|Realistic prediction of beach nourishment performance|
Chul-Hee, Y. (1993). Realistic prediction of beach nourishment performance. PhD Thesis. University of Florida: FL. XIV, 150 pp.
University of Florida, more
Beach nourishment; Coefficients; Erosion; Littoral zone; Models; Numerical analysis; Prediction; Sea surface; Sediment transport; Shoals; Wave refraction; Marine
A simple method is developed for representing wave refraction and shoaling in the vicinity of a beach nourishment project. The method applies for the case of a one-line model of shoreline evolution in which the active profile is displaced seaward or landward without change of form. The model can include the presence of shoreperpendicular structures and background erosion.
The simple method is compared to a one-line model which includes a more detailed grid-based refraction and shoaling algorithm. For all cases tested, the simple method of representing refraction and shoaling results in shoreline evolution in good correspondence with the detailed method. The models are used to illustrate the effects of several features of beach nourishment projects that are of engineering interest.
For purposes of comparison of the model performance with actual data, a nourishment project at Redington Shores, Florida, was monitored to investigate longshore sediment transport processes. Monitoring was carried out over a two-year period and included seven surveys of twenty-six profiles, wave measurements and sediment sampling. These data were analyzed to evaluate three longshore sediment transport formulae and to determine the best-fit coefficients and relative goodness-of-fit.

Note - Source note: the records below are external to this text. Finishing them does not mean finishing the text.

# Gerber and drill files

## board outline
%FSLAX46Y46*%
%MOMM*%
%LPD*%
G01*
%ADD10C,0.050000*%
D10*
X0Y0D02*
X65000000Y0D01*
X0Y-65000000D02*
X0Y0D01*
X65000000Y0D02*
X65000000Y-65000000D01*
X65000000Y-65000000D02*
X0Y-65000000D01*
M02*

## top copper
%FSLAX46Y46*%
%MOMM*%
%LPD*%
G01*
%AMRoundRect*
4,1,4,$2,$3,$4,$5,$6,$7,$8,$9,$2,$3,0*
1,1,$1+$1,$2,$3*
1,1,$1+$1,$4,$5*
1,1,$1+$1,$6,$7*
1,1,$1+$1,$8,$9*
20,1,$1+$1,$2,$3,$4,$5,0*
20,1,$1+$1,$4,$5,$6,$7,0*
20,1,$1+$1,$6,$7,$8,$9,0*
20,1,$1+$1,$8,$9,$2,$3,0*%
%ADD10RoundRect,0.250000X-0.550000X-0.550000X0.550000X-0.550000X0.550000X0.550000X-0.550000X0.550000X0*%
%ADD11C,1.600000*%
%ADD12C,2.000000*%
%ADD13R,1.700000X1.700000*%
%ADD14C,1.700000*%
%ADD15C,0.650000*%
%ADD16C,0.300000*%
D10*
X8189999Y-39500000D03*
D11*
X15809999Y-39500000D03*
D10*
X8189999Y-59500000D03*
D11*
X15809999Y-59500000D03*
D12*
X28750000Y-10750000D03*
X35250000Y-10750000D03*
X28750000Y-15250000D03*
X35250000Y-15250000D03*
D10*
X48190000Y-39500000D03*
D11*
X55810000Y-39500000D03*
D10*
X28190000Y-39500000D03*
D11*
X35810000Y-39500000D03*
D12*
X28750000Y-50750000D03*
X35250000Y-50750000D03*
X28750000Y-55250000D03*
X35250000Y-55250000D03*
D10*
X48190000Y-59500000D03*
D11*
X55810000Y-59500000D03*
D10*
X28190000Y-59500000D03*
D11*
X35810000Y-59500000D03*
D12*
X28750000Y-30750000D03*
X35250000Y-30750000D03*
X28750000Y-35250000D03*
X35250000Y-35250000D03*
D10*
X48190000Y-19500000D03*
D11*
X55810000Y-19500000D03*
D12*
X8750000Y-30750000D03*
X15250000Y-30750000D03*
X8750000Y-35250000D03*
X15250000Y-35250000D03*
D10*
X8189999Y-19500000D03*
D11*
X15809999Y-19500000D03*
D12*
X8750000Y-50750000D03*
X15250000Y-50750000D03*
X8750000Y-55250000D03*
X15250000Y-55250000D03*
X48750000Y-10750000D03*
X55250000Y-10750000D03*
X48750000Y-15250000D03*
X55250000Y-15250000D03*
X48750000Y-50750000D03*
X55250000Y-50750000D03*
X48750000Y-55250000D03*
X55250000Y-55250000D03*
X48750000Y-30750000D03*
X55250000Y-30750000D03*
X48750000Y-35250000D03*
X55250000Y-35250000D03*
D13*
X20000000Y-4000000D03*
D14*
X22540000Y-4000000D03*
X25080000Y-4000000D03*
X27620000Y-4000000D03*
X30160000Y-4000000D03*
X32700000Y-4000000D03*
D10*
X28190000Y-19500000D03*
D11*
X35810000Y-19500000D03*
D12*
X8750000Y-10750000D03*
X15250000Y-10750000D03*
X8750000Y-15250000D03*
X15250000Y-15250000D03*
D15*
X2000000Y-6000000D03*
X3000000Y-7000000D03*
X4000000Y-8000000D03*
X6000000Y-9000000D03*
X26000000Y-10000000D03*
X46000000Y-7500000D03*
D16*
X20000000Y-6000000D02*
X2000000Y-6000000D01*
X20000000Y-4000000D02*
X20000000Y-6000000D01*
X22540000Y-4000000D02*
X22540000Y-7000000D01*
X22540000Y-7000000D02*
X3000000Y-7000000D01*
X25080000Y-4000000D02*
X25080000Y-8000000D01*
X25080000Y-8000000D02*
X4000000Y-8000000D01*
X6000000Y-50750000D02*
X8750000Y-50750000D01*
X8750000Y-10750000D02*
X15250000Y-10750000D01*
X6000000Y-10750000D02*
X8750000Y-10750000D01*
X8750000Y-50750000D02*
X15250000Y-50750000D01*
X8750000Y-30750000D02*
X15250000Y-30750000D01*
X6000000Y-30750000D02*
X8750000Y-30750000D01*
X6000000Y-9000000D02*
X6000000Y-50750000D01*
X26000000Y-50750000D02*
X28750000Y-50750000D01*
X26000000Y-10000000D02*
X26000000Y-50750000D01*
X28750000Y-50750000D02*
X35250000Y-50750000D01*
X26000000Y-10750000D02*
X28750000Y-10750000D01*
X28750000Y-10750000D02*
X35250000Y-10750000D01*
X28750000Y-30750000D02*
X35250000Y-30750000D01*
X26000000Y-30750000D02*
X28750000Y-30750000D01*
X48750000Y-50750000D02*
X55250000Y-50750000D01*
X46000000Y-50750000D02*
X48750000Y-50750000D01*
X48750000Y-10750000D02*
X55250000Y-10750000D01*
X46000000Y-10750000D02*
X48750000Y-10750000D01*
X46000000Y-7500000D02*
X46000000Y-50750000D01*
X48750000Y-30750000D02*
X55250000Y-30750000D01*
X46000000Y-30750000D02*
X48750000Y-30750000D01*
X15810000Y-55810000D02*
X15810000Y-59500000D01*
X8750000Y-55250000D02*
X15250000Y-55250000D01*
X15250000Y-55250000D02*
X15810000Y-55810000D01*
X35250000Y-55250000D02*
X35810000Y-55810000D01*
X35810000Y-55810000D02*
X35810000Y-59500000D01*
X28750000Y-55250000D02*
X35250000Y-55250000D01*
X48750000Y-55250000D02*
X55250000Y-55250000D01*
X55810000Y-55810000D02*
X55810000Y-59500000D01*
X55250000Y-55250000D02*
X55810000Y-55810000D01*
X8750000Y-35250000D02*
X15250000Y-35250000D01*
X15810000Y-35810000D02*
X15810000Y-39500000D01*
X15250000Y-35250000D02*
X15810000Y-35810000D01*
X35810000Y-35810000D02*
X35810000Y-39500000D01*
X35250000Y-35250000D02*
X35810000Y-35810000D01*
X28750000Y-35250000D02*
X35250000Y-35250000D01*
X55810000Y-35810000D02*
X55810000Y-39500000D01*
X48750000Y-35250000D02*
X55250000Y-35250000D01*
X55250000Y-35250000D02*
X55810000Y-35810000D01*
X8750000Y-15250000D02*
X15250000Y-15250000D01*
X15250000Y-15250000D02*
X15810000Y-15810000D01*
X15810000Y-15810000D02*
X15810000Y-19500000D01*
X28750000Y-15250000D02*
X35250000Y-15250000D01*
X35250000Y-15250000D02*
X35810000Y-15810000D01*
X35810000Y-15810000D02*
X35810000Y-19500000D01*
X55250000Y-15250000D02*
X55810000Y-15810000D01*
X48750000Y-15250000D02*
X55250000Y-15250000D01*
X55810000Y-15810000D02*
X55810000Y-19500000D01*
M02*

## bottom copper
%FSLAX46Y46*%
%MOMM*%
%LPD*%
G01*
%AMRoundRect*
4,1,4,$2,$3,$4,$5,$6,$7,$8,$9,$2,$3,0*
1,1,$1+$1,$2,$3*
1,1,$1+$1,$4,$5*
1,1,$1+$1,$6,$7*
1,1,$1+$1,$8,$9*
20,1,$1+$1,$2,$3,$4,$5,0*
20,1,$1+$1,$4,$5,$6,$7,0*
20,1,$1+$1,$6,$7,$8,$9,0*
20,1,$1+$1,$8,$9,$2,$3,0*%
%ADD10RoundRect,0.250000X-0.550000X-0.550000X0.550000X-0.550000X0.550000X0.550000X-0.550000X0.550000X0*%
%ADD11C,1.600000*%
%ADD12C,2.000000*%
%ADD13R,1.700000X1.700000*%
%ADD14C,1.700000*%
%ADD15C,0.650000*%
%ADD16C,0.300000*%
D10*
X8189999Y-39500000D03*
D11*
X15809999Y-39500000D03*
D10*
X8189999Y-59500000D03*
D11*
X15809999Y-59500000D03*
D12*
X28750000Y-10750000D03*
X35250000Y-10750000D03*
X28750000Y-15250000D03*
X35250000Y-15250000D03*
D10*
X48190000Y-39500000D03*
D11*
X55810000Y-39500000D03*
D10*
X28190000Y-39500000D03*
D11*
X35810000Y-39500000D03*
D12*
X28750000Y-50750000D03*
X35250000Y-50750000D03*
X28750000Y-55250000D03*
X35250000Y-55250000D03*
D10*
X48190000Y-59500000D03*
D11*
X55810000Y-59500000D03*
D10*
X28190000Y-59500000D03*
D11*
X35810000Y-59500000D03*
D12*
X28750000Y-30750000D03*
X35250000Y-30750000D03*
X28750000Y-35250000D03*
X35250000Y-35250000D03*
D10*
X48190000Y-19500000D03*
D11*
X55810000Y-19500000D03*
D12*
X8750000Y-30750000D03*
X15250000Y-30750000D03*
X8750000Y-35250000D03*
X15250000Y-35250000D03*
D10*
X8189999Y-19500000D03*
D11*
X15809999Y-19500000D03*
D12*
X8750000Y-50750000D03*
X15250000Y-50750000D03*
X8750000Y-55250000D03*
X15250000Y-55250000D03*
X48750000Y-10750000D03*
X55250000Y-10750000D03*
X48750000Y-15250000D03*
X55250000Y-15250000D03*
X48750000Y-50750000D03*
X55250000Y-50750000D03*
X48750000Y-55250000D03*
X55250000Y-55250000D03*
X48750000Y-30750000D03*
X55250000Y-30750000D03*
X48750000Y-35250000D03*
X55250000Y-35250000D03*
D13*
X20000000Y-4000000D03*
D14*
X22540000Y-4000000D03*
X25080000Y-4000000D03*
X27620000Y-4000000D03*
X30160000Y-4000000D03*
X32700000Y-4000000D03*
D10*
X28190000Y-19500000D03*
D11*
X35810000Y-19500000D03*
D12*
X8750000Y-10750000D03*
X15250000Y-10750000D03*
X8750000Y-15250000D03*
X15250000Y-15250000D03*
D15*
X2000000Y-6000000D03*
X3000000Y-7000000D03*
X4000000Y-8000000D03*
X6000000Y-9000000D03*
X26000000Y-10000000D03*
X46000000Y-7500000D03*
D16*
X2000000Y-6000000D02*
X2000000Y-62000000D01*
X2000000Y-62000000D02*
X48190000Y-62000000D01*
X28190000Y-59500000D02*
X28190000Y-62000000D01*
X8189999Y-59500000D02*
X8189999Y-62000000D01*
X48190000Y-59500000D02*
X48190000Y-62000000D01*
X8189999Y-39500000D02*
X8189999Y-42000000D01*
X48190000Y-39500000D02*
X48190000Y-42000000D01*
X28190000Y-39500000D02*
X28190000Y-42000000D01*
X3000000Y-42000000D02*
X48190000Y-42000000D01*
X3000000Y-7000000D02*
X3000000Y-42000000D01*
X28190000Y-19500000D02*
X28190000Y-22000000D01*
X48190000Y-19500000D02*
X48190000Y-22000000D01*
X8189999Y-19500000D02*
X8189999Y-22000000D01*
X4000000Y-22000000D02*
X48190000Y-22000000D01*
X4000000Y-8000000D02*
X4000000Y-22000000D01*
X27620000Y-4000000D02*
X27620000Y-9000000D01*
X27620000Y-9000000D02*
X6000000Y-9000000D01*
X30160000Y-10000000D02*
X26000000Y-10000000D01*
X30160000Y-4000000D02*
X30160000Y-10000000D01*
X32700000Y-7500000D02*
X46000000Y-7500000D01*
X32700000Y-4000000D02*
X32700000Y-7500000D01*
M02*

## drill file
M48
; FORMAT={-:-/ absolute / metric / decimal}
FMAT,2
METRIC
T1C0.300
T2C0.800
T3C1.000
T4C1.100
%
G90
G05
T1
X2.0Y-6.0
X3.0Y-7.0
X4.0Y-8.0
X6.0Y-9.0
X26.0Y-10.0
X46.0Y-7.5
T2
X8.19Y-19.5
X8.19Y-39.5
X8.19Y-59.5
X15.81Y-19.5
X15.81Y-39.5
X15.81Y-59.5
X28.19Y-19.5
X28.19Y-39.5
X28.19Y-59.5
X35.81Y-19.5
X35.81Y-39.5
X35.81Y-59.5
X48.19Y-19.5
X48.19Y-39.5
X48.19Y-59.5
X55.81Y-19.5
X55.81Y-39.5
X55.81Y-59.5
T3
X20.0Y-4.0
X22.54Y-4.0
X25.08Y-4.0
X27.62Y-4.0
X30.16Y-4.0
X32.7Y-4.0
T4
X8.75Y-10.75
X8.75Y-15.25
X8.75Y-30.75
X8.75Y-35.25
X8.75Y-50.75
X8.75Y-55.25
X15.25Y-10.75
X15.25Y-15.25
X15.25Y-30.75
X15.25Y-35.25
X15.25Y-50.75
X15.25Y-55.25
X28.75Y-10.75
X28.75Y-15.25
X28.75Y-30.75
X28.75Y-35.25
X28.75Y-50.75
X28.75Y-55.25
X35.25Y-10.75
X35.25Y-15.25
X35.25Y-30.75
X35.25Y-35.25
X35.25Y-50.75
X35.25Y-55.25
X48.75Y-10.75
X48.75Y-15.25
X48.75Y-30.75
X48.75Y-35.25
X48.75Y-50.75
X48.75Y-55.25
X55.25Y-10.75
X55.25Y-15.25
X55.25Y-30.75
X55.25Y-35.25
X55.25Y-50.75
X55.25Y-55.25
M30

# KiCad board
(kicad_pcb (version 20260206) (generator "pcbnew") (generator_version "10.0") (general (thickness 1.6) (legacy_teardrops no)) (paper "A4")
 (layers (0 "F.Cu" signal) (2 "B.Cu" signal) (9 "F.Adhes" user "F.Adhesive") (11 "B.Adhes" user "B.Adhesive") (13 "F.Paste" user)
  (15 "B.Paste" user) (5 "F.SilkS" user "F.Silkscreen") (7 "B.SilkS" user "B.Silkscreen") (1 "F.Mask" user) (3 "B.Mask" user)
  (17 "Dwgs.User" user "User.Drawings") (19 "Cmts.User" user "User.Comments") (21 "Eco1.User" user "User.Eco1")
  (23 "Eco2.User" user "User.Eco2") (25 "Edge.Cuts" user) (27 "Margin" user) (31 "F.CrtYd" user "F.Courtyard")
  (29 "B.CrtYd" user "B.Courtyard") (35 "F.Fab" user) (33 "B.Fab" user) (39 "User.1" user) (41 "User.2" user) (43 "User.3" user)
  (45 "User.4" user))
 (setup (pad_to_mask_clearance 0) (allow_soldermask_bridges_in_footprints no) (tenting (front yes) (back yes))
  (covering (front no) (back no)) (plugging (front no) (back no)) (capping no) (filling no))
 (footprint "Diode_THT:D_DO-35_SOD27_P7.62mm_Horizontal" (layer "F.Cu") (at 8.189999 39.5)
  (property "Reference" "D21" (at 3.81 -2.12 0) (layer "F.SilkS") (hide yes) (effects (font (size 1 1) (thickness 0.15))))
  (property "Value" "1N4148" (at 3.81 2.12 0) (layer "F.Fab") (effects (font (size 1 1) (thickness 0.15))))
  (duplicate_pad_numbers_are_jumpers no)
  (pad "1" thru_hole roundrect (at 0 0) (size 1.6 1.6) (drill 0.8) (layers "*.Cu" "*.Mask") (remove_unused_layers no)
   (roundrect_rratio 0.15625) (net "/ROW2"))
  (pad "2" thru_hole circle (at 7.62 0) (size 1.6 1.6) (drill 0.8) (layers "*.Cu" "*.Mask") (remove_unused_layers no) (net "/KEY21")))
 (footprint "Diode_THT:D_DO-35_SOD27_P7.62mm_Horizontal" (layer "F.Cu") (at 8.189999 59.5)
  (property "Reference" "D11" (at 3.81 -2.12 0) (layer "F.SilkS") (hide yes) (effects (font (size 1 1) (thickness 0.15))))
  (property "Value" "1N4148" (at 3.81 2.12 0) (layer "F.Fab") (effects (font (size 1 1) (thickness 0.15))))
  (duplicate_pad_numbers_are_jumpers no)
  (pad "1" thru_hole roundrect (at 0 0) (size 1.6 1.6) (drill 0.8) (layers "*.Cu" "*.Mask") (remove_unused_layers no)
   (roundrect_rratio 0.15625) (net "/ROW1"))
  (pad "2" thru_hole circle (at 7.62 0) (size 1.6 1.6) (drill 0.8) (layers "*.Cu" "*.Mask") (remove_unused_layers no) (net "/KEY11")))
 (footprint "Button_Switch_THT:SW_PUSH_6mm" (layer "F.Cu") (at 28.75 10.75)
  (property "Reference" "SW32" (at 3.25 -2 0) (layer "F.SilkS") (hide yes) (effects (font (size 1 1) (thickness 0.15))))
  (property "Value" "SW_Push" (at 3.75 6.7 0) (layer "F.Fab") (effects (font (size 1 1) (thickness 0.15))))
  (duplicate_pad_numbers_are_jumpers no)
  (pad "1" thru_hole circle (at 0 0 90) (size 2 2) (drill 1.1) (layers "*.Cu" "*.Mask") (remove_unused_layers no) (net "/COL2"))
  (pad "1" thru_hole circle (at 6.5 0 90) (size 2 2) (drill 1.1) (layers "*.Cu" "*.Mask") (remove_unused_layers no) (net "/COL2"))
  (pad "2" thru_hole circle (at 0 4.5 90) (size 2 2) (drill 1.1) (layers "*.Cu" "*.Mask") (remove_unused_layers no) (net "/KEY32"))
  (pad "2" thru_hole circle (at 6.5 4.5 90) (size 2 2) (drill 1.1) (layers "*.Cu" "*.Mask") (remove_unused_layers no) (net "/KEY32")))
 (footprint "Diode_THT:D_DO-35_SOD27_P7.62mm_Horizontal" (layer "F.Cu") (at 48.19 39.5)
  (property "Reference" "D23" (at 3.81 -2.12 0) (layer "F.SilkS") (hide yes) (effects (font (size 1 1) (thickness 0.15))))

Beach nourishment, placed along a seawalled shoreline, can exhibit a markedly different behavior than projects on shorelines with adequate compatible sands to transport. The most striking effects of engineering significance are: (1) the migration of the centroid of the nourishment planform anomaly when acted upon by oblique waves, and (2) a potentially different rate of spreading of the planform anomaly. Under the most idealized consideration, the speed of centroid migration is shown to increase as the planform anomaly spreads out under the mobilizing action of the waves and the rate at which the planform spreading (dispersion) occurs is not affected by the seawall. Also, for normal incident waves, the seawall does not affect the planform evolution. Analtyical, numerical and experimental approaches are employed to demonstrate the aforementioned effects.